I want to tail -f a file, but its content is in sjis encoding, so I need to have it converted to the native (utf-8) encoding of my terminal.

When I do

tail -f x | iconv -fsjis

there will be no output. As

tail x | iconv -fsjis

does work, at first I thought it was a buffering issue, but trying unbuffer and stdbuf as described on Turn off buffering in pipe did not help.

In fact, even after more than 10k of data were added to x, there would be no output, so I guess it is not a buffering issue (buffer is 4k, if I'm not mistaken), but iconv will only start outputting when it receives an EOF.

So how can I tail-follow my sjis encoded file?

Evgeniy Berezovsky
  • 775
  • 1
  • 7
  • 20

2 Answers2

13

(take this with a pinch of salt) As far as I remember, the problem lies in the way libiconv works.

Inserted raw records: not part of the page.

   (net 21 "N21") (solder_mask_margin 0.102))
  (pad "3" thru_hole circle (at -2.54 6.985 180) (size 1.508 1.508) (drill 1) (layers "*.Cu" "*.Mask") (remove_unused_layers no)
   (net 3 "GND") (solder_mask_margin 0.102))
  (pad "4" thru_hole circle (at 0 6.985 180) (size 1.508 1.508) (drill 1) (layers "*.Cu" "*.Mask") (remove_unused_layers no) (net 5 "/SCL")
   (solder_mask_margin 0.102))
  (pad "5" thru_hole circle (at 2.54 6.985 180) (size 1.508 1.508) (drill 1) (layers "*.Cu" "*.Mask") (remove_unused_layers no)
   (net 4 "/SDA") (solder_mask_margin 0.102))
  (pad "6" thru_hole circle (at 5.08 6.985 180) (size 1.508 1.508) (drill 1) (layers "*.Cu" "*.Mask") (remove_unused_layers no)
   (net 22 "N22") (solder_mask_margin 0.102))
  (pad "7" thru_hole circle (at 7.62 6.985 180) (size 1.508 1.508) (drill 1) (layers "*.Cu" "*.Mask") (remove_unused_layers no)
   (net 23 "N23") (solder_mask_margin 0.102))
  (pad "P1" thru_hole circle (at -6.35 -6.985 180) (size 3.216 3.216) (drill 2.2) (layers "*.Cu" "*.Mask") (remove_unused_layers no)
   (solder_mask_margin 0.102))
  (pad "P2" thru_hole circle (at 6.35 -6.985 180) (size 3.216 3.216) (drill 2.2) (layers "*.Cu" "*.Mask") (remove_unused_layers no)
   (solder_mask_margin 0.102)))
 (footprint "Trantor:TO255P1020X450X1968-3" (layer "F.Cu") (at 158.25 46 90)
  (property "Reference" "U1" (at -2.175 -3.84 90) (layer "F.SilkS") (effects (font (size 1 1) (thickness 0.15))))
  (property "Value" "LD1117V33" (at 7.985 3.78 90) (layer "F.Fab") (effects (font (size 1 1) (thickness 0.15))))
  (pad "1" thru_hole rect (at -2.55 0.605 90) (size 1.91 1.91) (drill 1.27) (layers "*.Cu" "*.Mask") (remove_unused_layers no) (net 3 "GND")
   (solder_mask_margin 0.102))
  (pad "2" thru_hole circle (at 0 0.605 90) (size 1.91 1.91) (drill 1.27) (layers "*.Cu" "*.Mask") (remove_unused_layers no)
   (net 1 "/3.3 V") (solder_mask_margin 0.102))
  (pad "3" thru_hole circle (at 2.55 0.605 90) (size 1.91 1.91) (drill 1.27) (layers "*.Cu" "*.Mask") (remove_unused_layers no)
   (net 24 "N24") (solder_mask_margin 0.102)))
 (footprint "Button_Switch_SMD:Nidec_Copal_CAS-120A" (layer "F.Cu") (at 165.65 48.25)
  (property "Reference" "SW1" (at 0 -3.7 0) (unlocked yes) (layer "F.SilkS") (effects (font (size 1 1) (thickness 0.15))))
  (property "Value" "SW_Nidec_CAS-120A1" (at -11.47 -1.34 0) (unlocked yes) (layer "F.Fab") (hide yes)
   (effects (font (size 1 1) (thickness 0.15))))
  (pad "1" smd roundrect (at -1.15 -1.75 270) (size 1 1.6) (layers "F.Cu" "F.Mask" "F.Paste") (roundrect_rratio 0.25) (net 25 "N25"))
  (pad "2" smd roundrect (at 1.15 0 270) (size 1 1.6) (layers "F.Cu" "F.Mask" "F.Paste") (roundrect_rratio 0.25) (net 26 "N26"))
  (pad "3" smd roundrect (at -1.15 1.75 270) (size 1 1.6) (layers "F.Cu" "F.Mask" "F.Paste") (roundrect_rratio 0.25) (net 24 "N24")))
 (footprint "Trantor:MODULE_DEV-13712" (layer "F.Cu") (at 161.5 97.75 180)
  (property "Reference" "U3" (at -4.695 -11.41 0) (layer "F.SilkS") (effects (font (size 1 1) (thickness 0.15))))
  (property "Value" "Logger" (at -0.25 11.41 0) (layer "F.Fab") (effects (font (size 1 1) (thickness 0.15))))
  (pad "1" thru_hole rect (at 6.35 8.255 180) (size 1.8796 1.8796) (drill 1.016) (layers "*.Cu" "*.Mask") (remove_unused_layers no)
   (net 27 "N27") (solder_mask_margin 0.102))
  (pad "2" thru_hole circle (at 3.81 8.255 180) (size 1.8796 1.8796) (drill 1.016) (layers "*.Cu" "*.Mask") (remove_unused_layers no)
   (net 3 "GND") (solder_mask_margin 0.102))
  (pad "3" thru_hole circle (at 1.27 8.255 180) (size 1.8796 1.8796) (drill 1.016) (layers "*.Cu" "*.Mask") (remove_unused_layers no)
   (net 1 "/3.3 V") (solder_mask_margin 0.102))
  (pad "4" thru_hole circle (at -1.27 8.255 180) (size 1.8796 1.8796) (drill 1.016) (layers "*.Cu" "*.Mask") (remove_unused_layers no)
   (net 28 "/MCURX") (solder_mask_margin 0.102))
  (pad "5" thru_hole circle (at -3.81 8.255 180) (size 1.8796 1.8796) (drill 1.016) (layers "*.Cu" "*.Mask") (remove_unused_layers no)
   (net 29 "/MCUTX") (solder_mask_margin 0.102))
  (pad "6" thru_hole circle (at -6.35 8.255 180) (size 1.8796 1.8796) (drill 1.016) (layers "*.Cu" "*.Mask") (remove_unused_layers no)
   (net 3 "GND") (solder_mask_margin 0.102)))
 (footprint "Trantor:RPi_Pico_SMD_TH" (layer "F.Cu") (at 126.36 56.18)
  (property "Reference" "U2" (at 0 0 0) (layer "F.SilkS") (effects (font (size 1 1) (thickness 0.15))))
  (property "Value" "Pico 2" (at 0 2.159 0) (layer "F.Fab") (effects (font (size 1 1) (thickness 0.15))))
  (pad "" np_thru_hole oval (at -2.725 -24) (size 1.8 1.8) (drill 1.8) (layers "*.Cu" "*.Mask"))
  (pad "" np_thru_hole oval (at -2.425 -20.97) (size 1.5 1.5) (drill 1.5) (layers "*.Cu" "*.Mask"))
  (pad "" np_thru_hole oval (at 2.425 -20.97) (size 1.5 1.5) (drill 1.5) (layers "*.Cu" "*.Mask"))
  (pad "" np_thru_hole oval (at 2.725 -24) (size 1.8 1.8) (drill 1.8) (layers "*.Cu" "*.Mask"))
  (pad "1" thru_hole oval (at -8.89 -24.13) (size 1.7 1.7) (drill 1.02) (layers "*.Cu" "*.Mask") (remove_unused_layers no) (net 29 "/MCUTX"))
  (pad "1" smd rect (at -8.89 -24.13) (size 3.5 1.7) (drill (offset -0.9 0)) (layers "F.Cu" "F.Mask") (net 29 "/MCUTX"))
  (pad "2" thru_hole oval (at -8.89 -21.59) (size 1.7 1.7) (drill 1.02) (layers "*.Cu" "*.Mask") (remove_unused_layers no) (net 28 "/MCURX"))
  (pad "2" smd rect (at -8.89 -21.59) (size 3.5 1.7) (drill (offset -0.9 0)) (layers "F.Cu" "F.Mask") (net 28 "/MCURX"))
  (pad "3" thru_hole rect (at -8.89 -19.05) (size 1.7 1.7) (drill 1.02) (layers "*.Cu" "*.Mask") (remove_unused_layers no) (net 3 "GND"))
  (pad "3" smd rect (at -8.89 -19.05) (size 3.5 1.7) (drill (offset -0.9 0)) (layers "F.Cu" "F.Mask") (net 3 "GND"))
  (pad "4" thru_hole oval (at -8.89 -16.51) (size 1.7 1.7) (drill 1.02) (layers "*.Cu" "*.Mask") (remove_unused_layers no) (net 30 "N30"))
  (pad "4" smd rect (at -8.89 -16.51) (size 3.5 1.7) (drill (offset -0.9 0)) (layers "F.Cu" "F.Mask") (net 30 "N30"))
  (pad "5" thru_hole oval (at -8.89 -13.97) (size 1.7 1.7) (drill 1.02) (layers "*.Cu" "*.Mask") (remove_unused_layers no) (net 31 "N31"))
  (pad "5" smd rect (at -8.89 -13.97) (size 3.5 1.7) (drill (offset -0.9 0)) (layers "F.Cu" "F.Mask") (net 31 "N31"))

Multi-byte encodings need a state machine to decode them, and libiconv prefers to receive entire characters, so you can't just give it half a character in one function call and the other half in the next.

I can think of another two solutions, one is a good out-of-band method, the other is an in-band hack.

Change Terminal Emulator encoding (out-of-band): one is to change the character encoding in your terminal emulator, so its native encoding is Shift JIS. I just checked konsole, and is supports this. From the menu, View→Character encoding→Japenese→sjis. You can then just tail -f the file, and konsole will take care of decoding the multibyte characters and matching them up to font glyphs.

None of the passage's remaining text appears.